Adam Ozimek thinks this means:

I am less sure [that migration equalizes unemployment], because I see downsides to a falling population and upsides to a growing population. A new study from economist Greg Howard gives some empirical validity to my doubts.

That is, Adam thinks, and a reasonable reading of this 79-page tome could suggest, that this paper indicates that falling population (or, put another way, negative net domestic migration) is associated with worse economic outcomes.

I think he’s misreading the paper, and indeed the paper’s own author may be overstating what he’s actually proven though, to be clear, the paper is exceptionally thorough and well-researched. The author has produced a lengthy, exhaustive paper which is extremely honest about its own limitations and problems, is scrupulous about checking for possible errors, and that has left me extremely convinced of its core, empirical finding.

To repeat that core finding: when there is a sudden spike in in-migration into a city that is unassociated with previous migration patterns, it pushes the unemployment rate downwards relative to what we’d expect given past economic performance.

However, I worry there are some key shortfalls in this paper’s ability to settle the debate. The key problem the author is trying to solve is that the population-economic relationship is endogenous: they almost certainly both cause changes in each other. It’s a chicken-or-the-egg question. But see, when normal people hear “chicken-or-the-egg,” they hear “unsolvable problem.” When economists hear that, they think, “Instrumental variable time!”

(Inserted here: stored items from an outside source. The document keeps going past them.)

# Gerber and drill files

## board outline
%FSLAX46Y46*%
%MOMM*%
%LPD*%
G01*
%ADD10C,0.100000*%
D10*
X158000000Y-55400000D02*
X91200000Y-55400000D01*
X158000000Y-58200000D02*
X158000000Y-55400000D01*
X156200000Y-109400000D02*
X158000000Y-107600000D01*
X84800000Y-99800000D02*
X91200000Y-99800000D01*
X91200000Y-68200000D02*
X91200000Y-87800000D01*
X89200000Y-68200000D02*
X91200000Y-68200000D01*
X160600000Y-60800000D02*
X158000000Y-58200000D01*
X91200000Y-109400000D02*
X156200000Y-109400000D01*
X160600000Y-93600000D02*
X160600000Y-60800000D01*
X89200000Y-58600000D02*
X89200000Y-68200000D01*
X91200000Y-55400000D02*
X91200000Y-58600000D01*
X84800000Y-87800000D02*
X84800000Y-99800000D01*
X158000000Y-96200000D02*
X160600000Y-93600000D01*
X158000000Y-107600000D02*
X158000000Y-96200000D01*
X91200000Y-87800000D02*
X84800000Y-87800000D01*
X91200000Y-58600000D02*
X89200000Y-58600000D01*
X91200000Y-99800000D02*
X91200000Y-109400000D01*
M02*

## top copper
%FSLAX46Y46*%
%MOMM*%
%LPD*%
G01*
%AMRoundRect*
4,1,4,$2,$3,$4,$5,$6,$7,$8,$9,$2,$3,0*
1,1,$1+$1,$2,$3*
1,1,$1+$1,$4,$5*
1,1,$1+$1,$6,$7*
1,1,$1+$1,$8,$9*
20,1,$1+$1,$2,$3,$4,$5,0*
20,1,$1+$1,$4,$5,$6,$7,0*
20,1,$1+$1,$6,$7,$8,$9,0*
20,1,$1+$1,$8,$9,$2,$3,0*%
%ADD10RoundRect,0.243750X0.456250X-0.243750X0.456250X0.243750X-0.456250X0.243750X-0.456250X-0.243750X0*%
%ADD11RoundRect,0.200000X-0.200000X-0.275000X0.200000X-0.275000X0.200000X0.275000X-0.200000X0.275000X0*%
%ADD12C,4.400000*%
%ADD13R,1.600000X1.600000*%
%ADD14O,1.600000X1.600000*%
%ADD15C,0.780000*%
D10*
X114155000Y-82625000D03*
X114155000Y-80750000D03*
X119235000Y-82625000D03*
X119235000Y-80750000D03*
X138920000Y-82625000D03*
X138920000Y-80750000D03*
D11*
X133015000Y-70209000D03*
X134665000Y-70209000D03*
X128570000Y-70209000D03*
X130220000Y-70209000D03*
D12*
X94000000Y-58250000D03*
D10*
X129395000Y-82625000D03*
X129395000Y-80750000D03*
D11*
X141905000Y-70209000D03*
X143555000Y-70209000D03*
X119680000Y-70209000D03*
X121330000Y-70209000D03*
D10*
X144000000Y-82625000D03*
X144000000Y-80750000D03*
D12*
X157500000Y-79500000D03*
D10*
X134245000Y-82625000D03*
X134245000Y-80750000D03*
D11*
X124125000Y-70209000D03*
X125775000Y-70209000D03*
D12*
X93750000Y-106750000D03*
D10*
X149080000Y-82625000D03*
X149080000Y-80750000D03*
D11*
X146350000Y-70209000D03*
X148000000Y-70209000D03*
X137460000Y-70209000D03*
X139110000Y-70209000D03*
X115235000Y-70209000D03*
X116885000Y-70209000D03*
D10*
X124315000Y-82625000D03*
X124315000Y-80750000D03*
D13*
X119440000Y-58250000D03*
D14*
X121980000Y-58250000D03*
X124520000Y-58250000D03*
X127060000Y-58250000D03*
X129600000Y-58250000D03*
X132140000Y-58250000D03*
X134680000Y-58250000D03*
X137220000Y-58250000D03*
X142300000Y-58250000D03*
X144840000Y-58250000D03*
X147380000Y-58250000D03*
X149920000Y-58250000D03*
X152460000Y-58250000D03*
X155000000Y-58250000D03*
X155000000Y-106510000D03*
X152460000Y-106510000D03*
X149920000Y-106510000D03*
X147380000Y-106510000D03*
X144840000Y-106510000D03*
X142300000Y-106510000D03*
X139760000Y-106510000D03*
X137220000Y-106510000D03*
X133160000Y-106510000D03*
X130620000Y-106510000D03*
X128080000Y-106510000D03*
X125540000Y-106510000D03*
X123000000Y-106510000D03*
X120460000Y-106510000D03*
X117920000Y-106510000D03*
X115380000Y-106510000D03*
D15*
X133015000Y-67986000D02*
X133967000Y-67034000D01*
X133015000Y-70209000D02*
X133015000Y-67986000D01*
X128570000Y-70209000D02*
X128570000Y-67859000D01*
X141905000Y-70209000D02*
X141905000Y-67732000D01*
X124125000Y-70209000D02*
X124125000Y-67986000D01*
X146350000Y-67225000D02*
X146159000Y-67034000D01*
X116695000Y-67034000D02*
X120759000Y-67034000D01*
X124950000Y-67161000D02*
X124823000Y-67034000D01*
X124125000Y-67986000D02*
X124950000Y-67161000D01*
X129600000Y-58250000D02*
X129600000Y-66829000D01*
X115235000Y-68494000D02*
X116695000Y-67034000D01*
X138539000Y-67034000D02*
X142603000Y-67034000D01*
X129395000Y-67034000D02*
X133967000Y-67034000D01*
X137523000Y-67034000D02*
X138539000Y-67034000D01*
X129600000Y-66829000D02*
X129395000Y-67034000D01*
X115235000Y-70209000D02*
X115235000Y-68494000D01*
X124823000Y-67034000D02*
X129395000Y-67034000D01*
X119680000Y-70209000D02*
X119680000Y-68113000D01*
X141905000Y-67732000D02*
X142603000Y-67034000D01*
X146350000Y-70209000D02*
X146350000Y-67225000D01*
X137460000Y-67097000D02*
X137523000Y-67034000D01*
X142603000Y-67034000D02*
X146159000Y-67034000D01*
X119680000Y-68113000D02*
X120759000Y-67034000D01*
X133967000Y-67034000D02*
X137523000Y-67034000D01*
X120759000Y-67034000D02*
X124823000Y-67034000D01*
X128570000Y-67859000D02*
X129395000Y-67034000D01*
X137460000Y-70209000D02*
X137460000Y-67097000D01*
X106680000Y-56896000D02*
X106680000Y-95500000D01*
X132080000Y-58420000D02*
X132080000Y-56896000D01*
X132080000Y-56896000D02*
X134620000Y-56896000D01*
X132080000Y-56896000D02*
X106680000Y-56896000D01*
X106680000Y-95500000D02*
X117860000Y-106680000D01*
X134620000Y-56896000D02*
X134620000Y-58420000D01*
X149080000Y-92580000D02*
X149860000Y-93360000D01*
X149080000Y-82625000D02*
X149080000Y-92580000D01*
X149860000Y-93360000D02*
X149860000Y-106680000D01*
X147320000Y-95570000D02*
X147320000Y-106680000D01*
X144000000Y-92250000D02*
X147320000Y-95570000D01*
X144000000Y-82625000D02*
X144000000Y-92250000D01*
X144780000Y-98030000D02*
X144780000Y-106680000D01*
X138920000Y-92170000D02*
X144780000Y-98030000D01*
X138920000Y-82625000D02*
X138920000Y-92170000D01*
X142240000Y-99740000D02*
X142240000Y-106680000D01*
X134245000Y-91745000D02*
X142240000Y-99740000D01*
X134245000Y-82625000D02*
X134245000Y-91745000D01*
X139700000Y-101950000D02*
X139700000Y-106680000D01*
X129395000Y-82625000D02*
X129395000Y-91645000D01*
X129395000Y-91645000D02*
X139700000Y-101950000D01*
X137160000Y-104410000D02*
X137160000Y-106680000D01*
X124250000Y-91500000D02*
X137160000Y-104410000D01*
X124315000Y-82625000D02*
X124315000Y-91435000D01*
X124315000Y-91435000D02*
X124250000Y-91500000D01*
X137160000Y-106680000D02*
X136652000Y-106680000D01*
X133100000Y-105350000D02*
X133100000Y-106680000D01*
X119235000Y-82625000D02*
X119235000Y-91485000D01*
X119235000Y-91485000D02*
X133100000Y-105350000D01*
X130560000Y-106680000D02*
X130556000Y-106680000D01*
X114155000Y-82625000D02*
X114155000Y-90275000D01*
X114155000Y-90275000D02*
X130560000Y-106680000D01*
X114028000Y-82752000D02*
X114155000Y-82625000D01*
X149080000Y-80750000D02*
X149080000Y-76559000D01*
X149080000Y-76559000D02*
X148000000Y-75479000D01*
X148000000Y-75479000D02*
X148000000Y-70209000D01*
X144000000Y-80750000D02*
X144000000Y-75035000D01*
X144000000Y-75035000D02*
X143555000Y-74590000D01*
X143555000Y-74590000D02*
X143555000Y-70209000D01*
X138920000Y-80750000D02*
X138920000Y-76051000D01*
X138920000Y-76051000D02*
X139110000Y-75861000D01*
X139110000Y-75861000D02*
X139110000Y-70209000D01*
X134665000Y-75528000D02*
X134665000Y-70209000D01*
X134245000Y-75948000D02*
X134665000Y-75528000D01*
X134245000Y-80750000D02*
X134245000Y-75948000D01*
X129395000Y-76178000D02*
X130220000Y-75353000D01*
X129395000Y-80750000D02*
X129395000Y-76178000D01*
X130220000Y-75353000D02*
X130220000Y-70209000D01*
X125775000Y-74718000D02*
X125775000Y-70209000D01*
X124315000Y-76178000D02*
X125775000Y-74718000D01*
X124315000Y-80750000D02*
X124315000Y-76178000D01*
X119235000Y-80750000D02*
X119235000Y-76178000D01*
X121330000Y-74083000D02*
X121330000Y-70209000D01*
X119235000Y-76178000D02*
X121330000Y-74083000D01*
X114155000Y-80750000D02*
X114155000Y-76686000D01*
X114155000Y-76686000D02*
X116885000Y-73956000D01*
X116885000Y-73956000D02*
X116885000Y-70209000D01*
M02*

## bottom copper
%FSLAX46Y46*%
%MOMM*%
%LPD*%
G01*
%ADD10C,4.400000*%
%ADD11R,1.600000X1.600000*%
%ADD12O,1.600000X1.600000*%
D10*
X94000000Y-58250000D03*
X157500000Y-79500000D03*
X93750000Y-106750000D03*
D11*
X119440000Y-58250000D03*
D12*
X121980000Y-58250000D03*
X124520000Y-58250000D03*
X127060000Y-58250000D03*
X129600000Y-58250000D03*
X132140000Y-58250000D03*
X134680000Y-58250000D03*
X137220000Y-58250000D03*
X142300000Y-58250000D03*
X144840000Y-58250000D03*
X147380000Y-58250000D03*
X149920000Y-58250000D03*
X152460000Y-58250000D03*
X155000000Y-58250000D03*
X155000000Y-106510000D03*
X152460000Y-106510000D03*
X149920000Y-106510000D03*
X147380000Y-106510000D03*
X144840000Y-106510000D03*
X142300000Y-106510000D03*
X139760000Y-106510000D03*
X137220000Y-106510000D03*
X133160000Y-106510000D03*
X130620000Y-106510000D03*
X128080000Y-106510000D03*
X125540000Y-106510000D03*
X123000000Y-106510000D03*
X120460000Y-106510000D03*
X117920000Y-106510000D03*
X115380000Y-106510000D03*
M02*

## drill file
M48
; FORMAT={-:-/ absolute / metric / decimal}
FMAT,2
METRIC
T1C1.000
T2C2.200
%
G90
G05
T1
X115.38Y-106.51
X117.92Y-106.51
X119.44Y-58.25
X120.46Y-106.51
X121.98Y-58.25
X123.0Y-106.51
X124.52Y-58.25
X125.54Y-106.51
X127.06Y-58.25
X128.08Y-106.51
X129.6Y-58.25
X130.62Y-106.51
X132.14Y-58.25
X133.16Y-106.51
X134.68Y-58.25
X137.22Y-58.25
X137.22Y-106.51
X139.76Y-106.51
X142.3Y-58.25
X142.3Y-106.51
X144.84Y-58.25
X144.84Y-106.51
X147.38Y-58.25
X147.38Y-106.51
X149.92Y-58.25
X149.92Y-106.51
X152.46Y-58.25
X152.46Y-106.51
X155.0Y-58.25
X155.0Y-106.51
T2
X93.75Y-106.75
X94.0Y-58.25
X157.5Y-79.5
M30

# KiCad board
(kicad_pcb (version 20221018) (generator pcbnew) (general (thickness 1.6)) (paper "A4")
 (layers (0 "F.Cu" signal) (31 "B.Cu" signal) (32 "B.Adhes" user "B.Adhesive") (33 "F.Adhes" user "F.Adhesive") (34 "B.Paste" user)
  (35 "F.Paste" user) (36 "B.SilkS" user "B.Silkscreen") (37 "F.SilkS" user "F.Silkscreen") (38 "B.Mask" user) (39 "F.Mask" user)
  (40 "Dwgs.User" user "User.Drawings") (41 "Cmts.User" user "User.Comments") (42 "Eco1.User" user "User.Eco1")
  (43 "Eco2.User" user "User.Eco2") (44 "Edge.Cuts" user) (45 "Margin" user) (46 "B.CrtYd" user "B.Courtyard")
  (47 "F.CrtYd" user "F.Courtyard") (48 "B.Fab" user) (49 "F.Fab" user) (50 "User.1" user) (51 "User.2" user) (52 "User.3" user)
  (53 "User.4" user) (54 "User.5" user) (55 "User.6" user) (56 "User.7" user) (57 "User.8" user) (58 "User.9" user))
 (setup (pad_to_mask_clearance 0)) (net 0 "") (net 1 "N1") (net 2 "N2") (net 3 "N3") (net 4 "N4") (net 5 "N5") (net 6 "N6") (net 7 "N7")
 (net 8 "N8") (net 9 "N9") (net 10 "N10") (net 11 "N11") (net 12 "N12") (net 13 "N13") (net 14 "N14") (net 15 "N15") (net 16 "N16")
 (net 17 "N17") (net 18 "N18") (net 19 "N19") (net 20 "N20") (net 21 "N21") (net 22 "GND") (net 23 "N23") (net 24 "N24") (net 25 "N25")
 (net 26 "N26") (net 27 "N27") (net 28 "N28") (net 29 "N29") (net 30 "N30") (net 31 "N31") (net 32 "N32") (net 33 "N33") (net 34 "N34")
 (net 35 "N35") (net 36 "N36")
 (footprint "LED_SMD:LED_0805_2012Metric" (layer "F.Cu") (at 114.155 81.6875 90)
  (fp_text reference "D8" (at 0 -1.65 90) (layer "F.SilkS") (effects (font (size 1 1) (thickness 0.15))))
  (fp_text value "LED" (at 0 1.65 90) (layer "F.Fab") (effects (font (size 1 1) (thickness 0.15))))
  (pad "1" smd roundrect (at -0.9375 0 90) (size 0.975 1.4) (layers "F.Cu" "F.Paste" "F.Mask") (roundrect_rratio 0.25) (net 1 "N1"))
  (pad "2" smd roundrect (at 0.9375 0 90) (size 0.975 1.4) (layers "F.Cu" "F.Paste" "F.Mask") (roundrect_rratio 0.25) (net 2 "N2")))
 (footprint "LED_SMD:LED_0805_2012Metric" (layer "F.Cu") (at 119.235 81.6875 90)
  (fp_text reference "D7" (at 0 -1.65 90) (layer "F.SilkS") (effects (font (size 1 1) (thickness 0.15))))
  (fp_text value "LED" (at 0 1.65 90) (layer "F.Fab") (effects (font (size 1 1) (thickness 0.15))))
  (pad "1" smd roundrect (at -0.9375 0 90) (size 0.975 1.4) (layers "F.Cu" "F.Paste" "F.Mask") (roundrect_rratio 0.25) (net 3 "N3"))
  (pad "2" smd roundrect (at 0.9375 0 90) (size 0.975 1.4) (layers "F.Cu" "F.Paste" "F.Mask") (roundrect_rratio 0.25) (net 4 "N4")))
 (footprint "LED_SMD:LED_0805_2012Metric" (layer "F.Cu") (at 138.92 81.6875 90)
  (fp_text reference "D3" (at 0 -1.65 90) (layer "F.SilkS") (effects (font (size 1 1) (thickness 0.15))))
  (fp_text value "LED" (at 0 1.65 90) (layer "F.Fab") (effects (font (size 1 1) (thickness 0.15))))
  (pad "1" smd roundrect (at -0.9375 0 90) (size 0.975 1.4) (layers "F.Cu" "F.Paste" "F.Mask") (roundrect_rratio 0.25) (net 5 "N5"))
  (pad "2" smd roundrect (at 0.9375 0 90) (size 0.975 1.4) (layers "F.Cu" "F.Paste" "F.Mask") (roundrect_rratio 0.25) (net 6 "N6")))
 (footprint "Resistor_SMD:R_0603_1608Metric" (layer "F.Cu") (at 133.84 70.209)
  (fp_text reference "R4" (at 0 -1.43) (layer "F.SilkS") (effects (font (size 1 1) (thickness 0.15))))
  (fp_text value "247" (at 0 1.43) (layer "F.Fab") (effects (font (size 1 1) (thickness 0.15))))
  (pad "1" smd roundrect (at -0.825 0) (size 0.8 0.95) (layers "F.Cu" "F.Paste" "F.Mask") (roundrect_rratio 0.25) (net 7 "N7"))
  (pad "2" smd roundrect (at 0.825 0) (size 0.8 0.95) (layers "F.Cu" "F.Paste" "F.Mask") (roundrect_rratio 0.25) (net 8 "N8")))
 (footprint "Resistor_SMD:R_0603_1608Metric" (layer "F.Cu") (at 129.395 70.209)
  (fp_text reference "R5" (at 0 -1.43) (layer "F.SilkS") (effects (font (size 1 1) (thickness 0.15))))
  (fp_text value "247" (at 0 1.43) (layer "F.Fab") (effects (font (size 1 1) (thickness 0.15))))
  (pad "1" smd roundrect (at -0.825 0) (size 0.8 0.95) (layers "F.Cu" "F.Paste" "F.Mask") (roundrect_rratio 0.25) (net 7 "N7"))
  (pad "2" smd roundrect (at 0.825 0) (size 0.8 0.95) (layers "F.Cu" "F.Paste" "F.Mask") (roundrect_rratio 0.25) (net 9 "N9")))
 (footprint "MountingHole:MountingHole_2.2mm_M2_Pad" (layer "F.Cu") (at 94 58.25)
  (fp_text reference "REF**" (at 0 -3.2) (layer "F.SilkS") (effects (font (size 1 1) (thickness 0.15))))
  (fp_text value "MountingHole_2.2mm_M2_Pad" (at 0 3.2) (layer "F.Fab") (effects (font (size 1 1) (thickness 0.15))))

Adam summarizes the author’s instrumental variable pretty well:

Migration from metro A to metro B in a given year is predicted by combining historical migration patterns from metro A to metro B, and annual migration from all other counties to county A in that year. Then migration to metro B is predicted for metro C, D, and so on. Finally, all the individual county migration rates to metro B are summed. This creates an estimate of annual migration to metro B that is not related to current economic conditions in metro B, but is driven by factors outside the metro. If this sounds a little confusing, that’s OK. Just know that this makes for an important new innovation for estimating the effect of local population growth.

The one caveat I’d make to Adam’s comments is that, as the author repeatedly acknowledges, this method isn’t actually strictly new, but variations have actually been used for many studies of many different migration-related topics.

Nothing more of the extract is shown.